=== Task instructions ===
Transcribe only part of the material below: the lines from the one containing "X116030000Y-77301150D01*" through the one containing "X116427400Y-78207400D02*", inclusive, exactly as written.

=== Records shown ===
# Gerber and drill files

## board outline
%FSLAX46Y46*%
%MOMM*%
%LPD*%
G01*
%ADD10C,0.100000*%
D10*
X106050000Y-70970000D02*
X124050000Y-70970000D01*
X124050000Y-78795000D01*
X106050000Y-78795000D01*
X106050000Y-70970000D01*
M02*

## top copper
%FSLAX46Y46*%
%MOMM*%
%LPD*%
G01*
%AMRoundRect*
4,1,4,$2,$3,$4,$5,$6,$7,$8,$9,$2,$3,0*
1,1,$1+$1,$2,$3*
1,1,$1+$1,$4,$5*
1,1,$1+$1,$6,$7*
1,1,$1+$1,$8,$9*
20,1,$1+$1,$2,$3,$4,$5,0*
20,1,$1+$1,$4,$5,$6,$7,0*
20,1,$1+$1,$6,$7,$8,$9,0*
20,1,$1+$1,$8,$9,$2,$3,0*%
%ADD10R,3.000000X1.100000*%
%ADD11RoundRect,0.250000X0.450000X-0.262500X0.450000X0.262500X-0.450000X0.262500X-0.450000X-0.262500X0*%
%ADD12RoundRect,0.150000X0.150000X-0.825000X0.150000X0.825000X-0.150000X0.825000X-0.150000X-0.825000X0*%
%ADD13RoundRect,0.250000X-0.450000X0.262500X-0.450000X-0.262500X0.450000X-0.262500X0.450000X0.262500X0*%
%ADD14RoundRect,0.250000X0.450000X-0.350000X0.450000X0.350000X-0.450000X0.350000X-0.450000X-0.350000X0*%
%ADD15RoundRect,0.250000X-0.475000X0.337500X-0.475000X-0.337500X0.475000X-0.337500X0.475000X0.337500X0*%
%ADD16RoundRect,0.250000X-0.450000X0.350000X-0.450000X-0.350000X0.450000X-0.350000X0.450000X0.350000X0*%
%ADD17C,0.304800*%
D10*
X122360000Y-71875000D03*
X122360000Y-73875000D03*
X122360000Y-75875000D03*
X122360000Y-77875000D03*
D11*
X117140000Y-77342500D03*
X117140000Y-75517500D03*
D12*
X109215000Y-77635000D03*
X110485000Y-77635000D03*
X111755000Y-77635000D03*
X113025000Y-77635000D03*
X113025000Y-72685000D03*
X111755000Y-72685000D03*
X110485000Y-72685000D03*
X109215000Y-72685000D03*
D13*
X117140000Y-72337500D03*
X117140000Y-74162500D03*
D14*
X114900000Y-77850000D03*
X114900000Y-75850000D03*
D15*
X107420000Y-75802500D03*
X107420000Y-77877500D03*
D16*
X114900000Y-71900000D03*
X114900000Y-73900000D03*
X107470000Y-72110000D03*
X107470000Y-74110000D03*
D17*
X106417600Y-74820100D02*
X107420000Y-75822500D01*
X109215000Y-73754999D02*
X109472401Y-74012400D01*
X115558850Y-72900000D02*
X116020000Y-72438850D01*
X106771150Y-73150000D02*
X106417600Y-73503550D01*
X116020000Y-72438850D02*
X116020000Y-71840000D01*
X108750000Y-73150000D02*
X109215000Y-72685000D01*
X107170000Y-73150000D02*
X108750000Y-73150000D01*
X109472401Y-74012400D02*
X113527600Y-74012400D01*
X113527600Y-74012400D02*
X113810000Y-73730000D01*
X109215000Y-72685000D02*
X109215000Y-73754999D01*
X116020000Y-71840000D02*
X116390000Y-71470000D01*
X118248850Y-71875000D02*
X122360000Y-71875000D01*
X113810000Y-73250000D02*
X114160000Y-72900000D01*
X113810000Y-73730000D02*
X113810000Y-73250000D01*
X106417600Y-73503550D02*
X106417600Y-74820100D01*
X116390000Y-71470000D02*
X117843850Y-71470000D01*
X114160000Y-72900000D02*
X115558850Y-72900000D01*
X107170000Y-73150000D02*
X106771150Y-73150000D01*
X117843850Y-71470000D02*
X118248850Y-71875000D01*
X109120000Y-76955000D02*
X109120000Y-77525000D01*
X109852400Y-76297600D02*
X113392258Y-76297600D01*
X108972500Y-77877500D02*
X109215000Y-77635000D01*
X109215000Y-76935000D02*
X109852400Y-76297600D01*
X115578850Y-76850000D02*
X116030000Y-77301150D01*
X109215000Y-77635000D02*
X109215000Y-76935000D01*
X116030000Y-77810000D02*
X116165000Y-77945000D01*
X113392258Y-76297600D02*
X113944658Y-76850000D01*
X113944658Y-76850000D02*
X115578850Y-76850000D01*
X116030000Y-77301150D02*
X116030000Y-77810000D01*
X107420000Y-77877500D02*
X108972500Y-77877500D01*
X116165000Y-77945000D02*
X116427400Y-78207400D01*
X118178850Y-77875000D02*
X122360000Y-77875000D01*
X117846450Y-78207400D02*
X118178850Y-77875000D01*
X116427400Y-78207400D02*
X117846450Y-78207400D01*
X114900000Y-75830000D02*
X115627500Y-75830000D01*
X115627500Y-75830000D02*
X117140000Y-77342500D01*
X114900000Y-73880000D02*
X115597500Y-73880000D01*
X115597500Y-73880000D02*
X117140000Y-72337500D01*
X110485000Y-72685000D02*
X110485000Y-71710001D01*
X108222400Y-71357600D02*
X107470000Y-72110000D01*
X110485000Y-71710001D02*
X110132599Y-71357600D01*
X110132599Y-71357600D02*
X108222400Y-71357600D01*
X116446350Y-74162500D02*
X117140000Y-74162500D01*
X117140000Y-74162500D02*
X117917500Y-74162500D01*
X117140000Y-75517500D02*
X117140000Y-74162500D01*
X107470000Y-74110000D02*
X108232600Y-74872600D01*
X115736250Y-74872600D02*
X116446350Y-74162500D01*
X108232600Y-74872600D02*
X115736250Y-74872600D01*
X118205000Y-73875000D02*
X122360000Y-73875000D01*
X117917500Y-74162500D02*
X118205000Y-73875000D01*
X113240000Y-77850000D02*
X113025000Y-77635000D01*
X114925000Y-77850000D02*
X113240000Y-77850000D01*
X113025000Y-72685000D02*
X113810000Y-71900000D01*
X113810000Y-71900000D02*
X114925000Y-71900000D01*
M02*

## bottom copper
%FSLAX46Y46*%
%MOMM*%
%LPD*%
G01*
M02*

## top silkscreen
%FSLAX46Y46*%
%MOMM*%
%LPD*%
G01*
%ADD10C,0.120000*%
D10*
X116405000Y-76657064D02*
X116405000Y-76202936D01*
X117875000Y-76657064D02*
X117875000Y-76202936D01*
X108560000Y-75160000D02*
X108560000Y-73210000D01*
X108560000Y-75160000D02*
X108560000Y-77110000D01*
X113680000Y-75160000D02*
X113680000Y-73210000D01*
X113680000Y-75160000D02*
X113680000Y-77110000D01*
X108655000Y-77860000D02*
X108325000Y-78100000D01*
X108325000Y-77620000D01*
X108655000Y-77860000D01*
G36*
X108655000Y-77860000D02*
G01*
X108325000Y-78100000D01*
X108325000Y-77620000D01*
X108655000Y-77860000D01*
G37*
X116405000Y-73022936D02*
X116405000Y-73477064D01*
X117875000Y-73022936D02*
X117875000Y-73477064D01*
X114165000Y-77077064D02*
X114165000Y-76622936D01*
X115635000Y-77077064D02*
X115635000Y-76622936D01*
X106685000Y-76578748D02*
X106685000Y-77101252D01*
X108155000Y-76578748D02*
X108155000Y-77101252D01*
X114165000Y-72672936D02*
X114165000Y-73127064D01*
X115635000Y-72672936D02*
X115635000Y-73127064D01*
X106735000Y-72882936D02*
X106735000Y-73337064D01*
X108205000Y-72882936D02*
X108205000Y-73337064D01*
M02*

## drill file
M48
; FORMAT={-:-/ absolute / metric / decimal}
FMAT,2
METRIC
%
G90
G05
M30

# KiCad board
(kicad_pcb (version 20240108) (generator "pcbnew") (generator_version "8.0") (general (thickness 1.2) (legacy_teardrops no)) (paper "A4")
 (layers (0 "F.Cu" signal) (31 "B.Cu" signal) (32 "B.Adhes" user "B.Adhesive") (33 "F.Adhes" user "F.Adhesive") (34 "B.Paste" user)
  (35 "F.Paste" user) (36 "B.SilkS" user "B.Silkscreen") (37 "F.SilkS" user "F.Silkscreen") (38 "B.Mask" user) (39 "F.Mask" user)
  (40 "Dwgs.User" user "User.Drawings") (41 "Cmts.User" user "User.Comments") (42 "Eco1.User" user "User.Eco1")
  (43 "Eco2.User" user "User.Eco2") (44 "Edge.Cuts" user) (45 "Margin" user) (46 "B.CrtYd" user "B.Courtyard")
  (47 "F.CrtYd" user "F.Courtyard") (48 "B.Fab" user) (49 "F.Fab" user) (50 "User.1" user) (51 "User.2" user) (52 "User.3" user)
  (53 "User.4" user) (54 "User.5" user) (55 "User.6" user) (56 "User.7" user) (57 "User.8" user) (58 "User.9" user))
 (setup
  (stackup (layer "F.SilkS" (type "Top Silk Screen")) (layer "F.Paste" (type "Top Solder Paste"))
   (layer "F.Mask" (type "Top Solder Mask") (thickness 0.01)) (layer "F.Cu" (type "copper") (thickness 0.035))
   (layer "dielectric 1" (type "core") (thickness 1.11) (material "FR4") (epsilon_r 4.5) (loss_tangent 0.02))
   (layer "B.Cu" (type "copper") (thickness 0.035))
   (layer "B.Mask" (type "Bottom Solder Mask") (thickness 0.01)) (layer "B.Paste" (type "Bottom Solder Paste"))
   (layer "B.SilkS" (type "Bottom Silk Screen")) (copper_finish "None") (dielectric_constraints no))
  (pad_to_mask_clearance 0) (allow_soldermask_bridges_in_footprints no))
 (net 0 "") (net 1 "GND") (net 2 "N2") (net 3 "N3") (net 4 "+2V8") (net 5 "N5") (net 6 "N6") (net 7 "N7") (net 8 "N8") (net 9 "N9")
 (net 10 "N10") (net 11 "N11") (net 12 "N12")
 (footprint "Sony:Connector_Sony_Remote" (layer "F.Cu") (at 121.09 73.875 -90)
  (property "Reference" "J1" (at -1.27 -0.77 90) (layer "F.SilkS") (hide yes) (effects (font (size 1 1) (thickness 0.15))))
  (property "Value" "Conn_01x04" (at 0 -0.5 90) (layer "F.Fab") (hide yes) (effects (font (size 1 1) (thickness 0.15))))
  (pad "1" smd rect (at -2 -1.27 270) (size 1.1 3) (layers "F.Cu" "F.Mask") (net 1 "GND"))
  (pad "2" smd rect (at 0 -1.27 270) (size 1.1 3) (layers "F.Cu" "F.Mask") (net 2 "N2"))
  (pad "3" smd rect (at 2 -1.27 270) (size 1.1 3) (layers "F.Cu" "F.Mask") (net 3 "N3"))
  (pad "4" smd rect (at 4 -1.27 270) (size 1.1 3) (layers "F.Cu" "F.Mask") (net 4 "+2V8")))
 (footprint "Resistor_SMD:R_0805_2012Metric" (layer "F.Cu") (at 117.14 76.43 90)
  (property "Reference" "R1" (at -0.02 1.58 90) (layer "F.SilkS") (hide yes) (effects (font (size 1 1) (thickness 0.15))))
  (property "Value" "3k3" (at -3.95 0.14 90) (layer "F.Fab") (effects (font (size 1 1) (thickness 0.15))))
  (fp_line (start -0.227064 -0.735) (end 0.227064 -0.735) (stroke (width 0.12) (type solid)) (layer "F.SilkS"))
  (fp_line (start -0.227064 0.735) (end 0.227064 0.735) (stroke (width 0.12) (type solid)) (layer "F.SilkS"))
  (pad "1" smd roundrect (at -0.9125 0 90) (size 1.025 1.4) (layers "F.Cu" "F.Paste" "F.Mask") (roundrect_rratio 0.243902) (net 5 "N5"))
  (pad "2" smd roundrect (at 0.9125 0 90) (size 1.025 1.4) (layers "F.Cu" "F.Paste" "F.Mask") (roundrect_rratio 0.243902) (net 2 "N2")))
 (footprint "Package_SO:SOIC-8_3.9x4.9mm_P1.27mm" (layer "F.Cu") (at 111.12 75.16 90)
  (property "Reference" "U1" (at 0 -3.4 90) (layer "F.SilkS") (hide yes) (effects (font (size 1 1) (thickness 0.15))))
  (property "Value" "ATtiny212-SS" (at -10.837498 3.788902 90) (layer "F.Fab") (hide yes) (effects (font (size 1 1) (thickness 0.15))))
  (fp_line (start 0 -2.56) (end 1.95 -2.56) (stroke (width 0.12) (type solid)) (layer "F.SilkS"))
  (fp_line (start 0 -2.56) (end -1.95 -2.56) (stroke (width 0.12) (type solid)) (layer "F.SilkS"))
  (fp_line (start 0 2.56) (end 1.95 2.56) (stroke (width 0.12) (type solid)) (layer "F.SilkS"))
  (fp_line (start 0 2.56) (end -1.95 2.56) (stroke (width 0.12) (type solid)) (layer "F.SilkS"))
  (fp_poly
   (pts (xy -2.7 -2.465) (xy -2.94 -2.795) (xy -2.46 -2.795) (xy -2.7 -2.465)) (stroke (width 0.12) (type solid)) (fill solid)
   (layer "F.SilkS"))
  (pad "1" smd roundrect (at -2.475 -1.905 90) (size 1.95 0.6) (layers "F.Cu" "F.Paste" "F.Mask") (roundrect_rratio 0.25) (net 4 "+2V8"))
  (pad "2" smd roundrect (at -2.475 -0.635 90) (size 1.95 0.6) (layers "F.Cu" "F.Paste" "F.Mask") (roundrect_rratio 0.25) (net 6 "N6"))
  (pad "3" smd roundrect (at -2.475 0.635 90) (size 1.95 0.6) (layers "F.Cu" "F.Paste" "F.Mask") (roundrect_rratio 0.25) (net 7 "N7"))
  (pad "4" smd roundrect (at -2.475 1.905 90) (size 1.95 0.6) (layers "F.Cu" "F.Paste" "F.Mask") (roundrect_rratio 0.25) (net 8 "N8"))
  (pad "5" smd roundrect (at 2.475 1.905 90) (size 1.95 0.6) (layers "F.Cu" "F.Paste" "F.Mask") (roundrect_rratio 0.25) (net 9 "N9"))
  (pad "6" smd roundrect (at 2.475 0.635 90) (size 1.95 0.6) (layers "F.Cu" "F.Paste" "F.Mask") (roundrect_rratio 0.25) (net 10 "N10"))
  (pad "7" smd roundrect (at 2.475 -0.635 90) (size 1.95 0.6) (layers "F.Cu" "F.Paste" "F.Mask") (roundrect_rratio 0.25) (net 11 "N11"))
  (pad "8" smd roundrect (at 2.475 -1.905 90) (size 1.95 0.6) (layers "F.Cu" "F.Paste" "F.Mask") (roundrect_rratio 0.25) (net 1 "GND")))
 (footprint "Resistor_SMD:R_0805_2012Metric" (layer "F.Cu") (at 117.14 73.25 -90)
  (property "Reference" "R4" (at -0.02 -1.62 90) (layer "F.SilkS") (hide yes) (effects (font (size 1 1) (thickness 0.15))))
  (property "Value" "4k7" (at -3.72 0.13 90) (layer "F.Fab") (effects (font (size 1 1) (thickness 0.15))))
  (fp_line (start -0.227064 0.735) (end 0.227064 0.735) (stroke (width 0.12) (type solid)) (layer "F.SilkS"))
  (fp_line (start -0.227064 -0.735) (end 0.227064 -0.735) (stroke (width 0.12) (type solid)) (layer "F.SilkS"))
  (pad "1" smd roundrect (at -0.9125 0 270) (size 1.025 1.4) (layers "F.Cu" "F.Paste" "F.Mask") (roundrect_rratio 0.243902) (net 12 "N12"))
  (pad "2" smd roundrect (at 0.9125 0 270) (size 1.025 1.4) (layers "F.Cu" "F.Paste" "F.Mask") (roundrect_rratio 0.243902) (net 2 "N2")))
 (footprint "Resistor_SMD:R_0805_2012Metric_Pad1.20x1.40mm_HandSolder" (layer "F.Cu") (at 114.9 76.85 90)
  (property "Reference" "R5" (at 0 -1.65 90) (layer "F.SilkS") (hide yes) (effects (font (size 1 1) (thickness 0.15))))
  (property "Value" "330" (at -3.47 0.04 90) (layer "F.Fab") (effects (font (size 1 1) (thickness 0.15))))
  (fp_line (start -0.227064 -0.735) (end 0.227064 -0.735) (stroke (width 0.12) (type solid)) (layer "F.SilkS"))
  (fp_line (start -0.227064 0.735) (end 0.227064 0.735) (stroke (width 0.12) (type solid)) (layer "F.SilkS"))
  (pad "1" smd roundrect (at -1 0 90) (size 1.2 1.4) (layers "F.Cu" "F.Paste" "F.Mask") (roundrect_rratio 0.208333) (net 8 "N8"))
  (pad "2" smd roundrect (at 1 0 90) (size 1.2 1.4) (layers "F.Cu" "F.Paste" "F.Mask") (roundrect_rratio 0.208333) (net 5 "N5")))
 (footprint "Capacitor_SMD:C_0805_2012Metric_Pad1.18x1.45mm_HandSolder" (layer "F.Cu") (at 107.42 76.84 -90)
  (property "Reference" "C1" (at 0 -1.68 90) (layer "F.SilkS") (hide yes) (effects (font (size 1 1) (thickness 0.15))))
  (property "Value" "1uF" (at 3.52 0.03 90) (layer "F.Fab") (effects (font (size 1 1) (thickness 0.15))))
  (fp_line (start -0.261252 0.735) (end 0.261252 0.735) (stroke (width 0.12) (type solid)) (layer "F.SilkS"))
  (fp_line (start -0.261252 -0.735) (end 0.261252 -0.735) (stroke (width 0.12) (type solid)) (layer "F.SilkS"))
  (pad "1" smd roundrect (at -1.0375 0 270) (size 1.175 1.45) (layers "F.Cu" "F.Paste" "F.Mask") (roundrect_rratio 0.212766) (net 1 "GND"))
  (pad "2" smd roundrect (at 1.0375 0 270) (size 1.175 1.45) (layers "F.Cu" "F.Paste" "F.Mask") (roundrect_rratio 0.212766) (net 4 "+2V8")))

=== Worked solution ===
X116030000Y-77301150D01*
X109215000Y-77635000D02*
X109215000Y-76935000D01*
X116030000Y-77810000D02*
X116165000Y-77945000D01*
X113392258Y-76297600D02*
X113944658Y-76850000D01*
X113944658Y-76850000D02*
X115578850Y-76850000D01*
X116030000Y-77301150D02*
X116030000Y-77810000D01*
X107420000Y-77877500D02*
X108972500Y-77877500D01*
X116165000Y-77945000D02*
X116427400Y-78207400D01*
X118178850Y-77875000D02*
X122360000Y-77875000D01*
X117846450Y-78207400D02*
X118178850Y-77875000D01*
X116427400Y-78207400D02*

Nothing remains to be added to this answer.